- Date: 14–20 September
- Edition: 20th
- Surface: Hard (indoor)
- Location: Rennes, France

Champions

Singles
- Sascha Gueymard Wayenburg

Doubles
- Sander Arends / Bart Stevens
- ← 2025 · Open de Rennes · 2027 →

= 2026 Open de Rennes =

The 2026 Open Blot Rennes was a professional tennis tournament played on indoor hard courts. It was the 20th edition of the tournament and part of the 2026 ATP Challenger Tour. It took place in Rennes, France between 14 and 20 September 2026.

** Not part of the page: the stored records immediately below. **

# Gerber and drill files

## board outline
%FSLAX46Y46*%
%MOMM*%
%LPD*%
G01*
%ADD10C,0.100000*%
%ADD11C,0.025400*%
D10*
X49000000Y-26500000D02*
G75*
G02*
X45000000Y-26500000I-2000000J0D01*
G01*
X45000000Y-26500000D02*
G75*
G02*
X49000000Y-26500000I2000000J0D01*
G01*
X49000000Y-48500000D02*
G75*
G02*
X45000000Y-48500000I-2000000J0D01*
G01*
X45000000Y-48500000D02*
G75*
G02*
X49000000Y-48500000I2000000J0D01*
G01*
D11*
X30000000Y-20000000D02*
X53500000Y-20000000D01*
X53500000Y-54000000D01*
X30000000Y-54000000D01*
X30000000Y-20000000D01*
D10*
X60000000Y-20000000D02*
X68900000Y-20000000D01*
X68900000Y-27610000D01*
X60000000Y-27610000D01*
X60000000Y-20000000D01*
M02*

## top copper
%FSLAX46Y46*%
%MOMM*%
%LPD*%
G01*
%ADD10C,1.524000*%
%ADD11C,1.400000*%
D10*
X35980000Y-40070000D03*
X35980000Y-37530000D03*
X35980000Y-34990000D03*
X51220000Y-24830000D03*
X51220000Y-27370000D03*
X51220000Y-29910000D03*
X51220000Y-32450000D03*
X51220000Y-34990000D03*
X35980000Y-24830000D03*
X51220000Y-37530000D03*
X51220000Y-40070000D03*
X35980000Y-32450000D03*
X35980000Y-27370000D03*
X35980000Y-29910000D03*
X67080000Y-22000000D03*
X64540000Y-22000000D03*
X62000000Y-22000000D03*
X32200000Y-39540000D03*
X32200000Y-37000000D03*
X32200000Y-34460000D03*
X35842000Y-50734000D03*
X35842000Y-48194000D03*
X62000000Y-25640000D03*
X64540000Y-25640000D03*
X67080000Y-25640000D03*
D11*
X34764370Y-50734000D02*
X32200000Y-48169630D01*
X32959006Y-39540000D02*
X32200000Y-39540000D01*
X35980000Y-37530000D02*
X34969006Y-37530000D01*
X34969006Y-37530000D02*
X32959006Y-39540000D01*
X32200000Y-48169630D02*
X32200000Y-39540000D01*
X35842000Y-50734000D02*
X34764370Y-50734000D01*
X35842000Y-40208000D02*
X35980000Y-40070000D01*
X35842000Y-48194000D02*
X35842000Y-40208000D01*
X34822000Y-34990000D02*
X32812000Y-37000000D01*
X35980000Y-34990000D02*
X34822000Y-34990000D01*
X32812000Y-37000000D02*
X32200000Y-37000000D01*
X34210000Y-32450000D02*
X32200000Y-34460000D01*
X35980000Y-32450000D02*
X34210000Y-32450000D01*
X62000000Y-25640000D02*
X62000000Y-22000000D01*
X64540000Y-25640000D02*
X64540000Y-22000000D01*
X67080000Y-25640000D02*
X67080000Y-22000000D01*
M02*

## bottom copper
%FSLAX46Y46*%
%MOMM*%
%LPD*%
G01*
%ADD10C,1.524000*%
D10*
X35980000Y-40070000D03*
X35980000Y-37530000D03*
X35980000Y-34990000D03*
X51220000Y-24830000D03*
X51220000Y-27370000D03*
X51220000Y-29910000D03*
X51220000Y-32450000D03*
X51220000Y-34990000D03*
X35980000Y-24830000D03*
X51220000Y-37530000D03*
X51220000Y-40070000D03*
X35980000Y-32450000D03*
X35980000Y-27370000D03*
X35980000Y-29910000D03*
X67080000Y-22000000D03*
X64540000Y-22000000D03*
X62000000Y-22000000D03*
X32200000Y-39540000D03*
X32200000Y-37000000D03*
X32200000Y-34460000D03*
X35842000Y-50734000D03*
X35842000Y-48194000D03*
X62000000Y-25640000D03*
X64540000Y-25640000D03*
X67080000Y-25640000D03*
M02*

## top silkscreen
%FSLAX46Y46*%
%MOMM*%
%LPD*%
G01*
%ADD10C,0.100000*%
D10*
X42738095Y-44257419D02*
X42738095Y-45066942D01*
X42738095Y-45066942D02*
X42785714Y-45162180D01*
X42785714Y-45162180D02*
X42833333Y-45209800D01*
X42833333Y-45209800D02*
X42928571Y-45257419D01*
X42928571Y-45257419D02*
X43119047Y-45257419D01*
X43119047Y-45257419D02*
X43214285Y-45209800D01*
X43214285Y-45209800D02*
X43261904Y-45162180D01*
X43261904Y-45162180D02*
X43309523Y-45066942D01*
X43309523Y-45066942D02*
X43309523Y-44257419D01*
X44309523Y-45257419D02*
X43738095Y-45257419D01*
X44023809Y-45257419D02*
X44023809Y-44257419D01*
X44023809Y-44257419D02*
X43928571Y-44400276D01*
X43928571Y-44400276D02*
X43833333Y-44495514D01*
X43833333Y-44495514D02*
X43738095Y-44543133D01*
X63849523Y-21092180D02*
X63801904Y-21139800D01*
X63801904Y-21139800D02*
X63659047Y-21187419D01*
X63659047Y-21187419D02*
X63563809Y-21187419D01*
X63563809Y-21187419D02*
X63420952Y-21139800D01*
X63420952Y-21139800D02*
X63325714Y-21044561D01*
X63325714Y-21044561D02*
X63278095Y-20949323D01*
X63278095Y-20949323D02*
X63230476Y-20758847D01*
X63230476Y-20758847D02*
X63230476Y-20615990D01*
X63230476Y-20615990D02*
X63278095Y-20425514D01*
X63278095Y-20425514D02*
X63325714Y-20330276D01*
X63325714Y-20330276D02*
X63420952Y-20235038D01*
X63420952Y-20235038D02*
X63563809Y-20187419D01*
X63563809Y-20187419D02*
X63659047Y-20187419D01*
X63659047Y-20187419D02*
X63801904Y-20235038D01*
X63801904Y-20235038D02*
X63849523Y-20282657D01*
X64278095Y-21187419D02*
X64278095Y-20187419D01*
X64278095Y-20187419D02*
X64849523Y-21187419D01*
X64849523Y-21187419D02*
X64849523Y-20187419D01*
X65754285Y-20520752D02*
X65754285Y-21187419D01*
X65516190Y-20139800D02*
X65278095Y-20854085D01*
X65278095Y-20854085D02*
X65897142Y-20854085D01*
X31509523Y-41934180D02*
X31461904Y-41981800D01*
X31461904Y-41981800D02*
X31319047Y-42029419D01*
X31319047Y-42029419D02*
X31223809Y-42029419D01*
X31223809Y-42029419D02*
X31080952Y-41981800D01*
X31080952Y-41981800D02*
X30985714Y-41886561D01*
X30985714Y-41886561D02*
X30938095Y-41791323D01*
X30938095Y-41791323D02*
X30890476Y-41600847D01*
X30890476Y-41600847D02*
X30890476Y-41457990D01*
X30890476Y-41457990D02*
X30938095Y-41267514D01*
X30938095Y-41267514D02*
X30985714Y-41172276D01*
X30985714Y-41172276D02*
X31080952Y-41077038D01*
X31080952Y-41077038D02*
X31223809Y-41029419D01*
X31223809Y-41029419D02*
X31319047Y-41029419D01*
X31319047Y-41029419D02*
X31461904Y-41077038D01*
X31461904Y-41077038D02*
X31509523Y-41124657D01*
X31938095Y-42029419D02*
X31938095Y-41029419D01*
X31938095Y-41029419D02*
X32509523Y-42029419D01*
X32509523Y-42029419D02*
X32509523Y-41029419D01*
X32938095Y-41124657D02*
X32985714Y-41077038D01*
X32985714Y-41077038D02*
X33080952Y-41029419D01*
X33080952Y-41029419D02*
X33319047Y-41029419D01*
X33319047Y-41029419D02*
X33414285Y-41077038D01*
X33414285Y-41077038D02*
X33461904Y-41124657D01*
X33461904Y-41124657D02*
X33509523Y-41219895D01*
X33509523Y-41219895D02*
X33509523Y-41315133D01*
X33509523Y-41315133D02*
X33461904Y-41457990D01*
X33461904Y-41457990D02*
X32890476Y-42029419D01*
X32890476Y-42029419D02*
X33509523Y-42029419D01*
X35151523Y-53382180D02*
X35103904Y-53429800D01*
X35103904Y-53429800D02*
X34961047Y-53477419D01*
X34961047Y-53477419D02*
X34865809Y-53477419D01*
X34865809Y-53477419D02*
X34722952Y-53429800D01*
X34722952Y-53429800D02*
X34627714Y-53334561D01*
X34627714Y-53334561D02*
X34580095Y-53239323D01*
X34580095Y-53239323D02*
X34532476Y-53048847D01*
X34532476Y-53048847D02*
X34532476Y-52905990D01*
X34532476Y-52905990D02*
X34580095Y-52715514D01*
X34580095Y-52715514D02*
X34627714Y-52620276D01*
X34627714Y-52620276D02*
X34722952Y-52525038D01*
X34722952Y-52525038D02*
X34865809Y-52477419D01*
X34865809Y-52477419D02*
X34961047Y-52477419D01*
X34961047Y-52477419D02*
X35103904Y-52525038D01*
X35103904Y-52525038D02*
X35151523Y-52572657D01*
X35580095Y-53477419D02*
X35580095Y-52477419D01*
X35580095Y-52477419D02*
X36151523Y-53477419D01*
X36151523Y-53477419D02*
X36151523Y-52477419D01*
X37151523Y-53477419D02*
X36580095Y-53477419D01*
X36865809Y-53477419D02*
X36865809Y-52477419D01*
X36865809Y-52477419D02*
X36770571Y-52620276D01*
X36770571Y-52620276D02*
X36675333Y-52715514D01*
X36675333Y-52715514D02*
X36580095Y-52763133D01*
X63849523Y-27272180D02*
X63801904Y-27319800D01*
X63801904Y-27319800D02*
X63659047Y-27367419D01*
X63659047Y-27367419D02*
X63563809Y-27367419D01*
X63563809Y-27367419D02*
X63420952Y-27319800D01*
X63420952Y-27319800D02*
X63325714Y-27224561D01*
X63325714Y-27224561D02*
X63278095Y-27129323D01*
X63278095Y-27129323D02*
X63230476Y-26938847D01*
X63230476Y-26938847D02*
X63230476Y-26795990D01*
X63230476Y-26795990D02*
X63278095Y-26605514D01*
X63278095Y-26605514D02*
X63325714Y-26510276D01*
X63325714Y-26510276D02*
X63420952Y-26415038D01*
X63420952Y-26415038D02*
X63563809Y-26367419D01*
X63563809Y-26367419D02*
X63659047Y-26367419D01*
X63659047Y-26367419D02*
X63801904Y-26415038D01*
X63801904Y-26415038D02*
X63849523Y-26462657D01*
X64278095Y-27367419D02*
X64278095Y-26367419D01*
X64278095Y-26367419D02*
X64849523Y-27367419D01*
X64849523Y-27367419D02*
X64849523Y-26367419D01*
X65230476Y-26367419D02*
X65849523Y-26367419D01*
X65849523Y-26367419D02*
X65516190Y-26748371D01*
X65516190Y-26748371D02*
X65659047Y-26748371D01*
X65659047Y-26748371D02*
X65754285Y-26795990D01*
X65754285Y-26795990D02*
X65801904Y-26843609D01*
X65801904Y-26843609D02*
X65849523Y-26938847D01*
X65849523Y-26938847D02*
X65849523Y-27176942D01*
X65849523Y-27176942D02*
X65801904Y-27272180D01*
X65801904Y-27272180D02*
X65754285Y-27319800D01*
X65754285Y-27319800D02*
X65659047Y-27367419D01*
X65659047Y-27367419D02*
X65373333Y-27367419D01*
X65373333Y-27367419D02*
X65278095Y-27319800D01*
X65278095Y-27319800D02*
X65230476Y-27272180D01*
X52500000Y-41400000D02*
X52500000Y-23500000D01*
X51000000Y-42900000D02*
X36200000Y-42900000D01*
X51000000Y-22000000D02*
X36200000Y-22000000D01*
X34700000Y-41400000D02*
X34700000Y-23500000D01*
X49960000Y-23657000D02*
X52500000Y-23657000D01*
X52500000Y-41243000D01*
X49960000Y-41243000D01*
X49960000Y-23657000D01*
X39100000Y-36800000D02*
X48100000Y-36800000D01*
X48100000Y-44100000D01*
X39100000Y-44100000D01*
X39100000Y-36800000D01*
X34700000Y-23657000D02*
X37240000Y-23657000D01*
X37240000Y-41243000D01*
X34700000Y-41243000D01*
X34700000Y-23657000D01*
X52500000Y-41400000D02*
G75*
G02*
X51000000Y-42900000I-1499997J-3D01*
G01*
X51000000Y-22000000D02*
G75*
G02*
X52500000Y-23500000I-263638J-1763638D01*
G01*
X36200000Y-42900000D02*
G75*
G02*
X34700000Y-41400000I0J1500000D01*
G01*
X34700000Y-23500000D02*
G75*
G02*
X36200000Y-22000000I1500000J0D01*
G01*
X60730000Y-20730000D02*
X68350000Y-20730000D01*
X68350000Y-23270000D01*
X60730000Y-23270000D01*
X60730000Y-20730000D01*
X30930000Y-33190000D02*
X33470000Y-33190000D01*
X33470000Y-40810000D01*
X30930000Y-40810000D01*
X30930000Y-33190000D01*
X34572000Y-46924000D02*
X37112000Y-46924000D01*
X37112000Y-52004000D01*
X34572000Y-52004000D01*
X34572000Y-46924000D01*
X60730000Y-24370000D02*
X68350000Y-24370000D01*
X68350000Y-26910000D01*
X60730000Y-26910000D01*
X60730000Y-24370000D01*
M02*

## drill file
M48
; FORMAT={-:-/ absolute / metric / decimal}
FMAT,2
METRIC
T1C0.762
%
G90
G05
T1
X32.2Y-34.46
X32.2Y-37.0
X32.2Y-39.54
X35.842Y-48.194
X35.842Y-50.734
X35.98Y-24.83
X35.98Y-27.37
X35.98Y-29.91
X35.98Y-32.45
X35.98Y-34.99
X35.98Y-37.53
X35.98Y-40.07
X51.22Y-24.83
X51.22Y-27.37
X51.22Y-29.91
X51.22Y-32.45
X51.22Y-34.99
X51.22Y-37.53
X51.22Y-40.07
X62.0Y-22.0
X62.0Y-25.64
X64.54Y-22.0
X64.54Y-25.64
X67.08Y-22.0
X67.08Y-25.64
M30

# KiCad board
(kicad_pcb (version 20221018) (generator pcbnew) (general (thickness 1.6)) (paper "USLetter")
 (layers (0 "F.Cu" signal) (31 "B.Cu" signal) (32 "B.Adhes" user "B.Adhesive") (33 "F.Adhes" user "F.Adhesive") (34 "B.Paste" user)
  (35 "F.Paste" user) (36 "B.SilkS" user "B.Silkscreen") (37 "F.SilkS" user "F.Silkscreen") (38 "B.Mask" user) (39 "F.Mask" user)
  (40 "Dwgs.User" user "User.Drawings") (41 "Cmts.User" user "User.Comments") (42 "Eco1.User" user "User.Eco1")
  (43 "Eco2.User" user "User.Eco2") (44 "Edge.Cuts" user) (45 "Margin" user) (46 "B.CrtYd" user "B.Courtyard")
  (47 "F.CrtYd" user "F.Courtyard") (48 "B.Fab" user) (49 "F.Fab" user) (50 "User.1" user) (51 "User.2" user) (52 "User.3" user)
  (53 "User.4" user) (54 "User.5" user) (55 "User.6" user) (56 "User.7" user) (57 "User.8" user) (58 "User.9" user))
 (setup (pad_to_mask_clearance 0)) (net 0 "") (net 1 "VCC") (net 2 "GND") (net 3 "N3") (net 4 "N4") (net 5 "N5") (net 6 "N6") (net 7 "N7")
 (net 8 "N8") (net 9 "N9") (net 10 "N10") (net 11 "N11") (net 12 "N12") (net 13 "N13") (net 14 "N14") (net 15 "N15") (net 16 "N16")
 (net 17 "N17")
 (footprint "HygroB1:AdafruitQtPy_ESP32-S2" (layer "F.Cu") (at 43.6 32.45 180)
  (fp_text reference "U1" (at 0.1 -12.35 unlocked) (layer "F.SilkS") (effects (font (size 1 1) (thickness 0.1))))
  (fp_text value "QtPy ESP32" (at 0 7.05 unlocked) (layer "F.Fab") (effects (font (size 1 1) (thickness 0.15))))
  (fp_line (start -8.9 -8.95) (end -8.9 8.95) (stroke (width 0.1) (type default)) (layer "F.SilkS"))
  (fp_line (start -7.4 -10.45) (end 7.4 -10.45) (stroke (width 0.1) (type default)) (layer "F.SilkS"))
  (fp_line (start -7.4 10.45) (end 7.4 10.45) (stroke (width 0.1) (type default)) (layer "F.SilkS"))
  (fp_line (start 8.9 -8.95) (end 8.9 8.95) (stroke (width 0.1) (type default)) (layer "F.SilkS"))
  (fp_rect (start -8.9 -8.793) (end -6.36 8.793) (stroke (width 0.1) (type default)) (fill none) (layer "F.SilkS"))
  (fp_rect (start -4.5 -11.65) (end 4.5 -4.35) (stroke (width 0.1) (type default)) (fill none) (layer "F.SilkS"))
  (fp_rect (start 6.36 -8.793) (end 8.9 8.793) (stroke (width 0.1) (type default)) (fill none) (layer "F.SilkS"))
  (fp_arc (start -8.9 -8.95) (mid -8.460661 -10.010661) (end -7.4 -10.45) (stroke (width 0.1) (type default)) (layer "F.SilkS"))
  (fp_arc (start -7.4 10.45) (mid -8.397299 9.947299) (end -8.9 8.95) (stroke (width 0.1) (type default)) (layer "F.SilkS"))
  (fp_arc (start 7.4 -10.45) (mid 8.46066 -10.01066) (end 8.9 -8.95) (stroke (width 0.1) (type default)) (layer "F.SilkS"))
  (fp_arc (start 8.9 8.95) (mid 8.46066 10.01066) (end 7.4 10.45) (stroke (width 0.1) (type default)) (layer "F.SilkS"))
  (pad "0" thru_hole circle (at 7.62 -7.62 180) (size 1.524 1.524) (drill 0.762) (layers "*.Cu" "*.Mask") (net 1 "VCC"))
  (pad "2" thru_hole circle (at 7.62 -5.08 180) (size 1.524 1.524) (drill 0.762) (layers "*.Cu" "*.Mask") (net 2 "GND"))
  (pad "3" thru_hole circle (at 7.62 -2.54 180) (size 1.524 1.524) (drill 0.762) (layers "*.Cu" "*.Mask") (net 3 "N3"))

==Singles main-draw entrants==
===Seeds===

| Country | Player | Rank^{1} | Seed |
|---|---|---|---|
| FRA | Adrian Mannarino | 67 | 1 |
| FRA | Titouan Droguet | 103 | 2 |
| FRA | Clément Tabur | 159 | 3 |
| GBR | Billy Harris | 161 | 4 |
| CRO | Borna Gojo | 162 | 5 |
| ITA | Francesco Maestrelli | 168 | 6 |
| AUS | Tristan Schoolkate | 180 | 7 |
| FRA | Clément Chidekh | 185 | 8 |

- ^{1} Rankings are as of 31 August 2026.

===Other entrants===
The following players received wildcards into the singles main draw:
- FRA Mickael Kaouk
- FRA Arthur Nagel
- FRA Leo Raquillet

The following player received entry into the singles main draw as an alternate:
- CZE Marek Gengel

The following players received entry from the qualifying draw:
- GBR Finn Bass
- FRA Matisse Bobichon
- FRA Yanis Ghazouani Durand
- FRA Maxime Janvier
- GER Daniel Masur
- GER Max Schönhaus

==Champions==
===Singles===

- FRA Sascha Gueymard Wayenburg def. FRA Harold Mayot 4–6, 6–3, 7–5.

===Doubles===

- NED Sander Arends / NED Bart Stevens def. Ivan Liutarevich / GBR Joshua Paris 6–1, 6–1.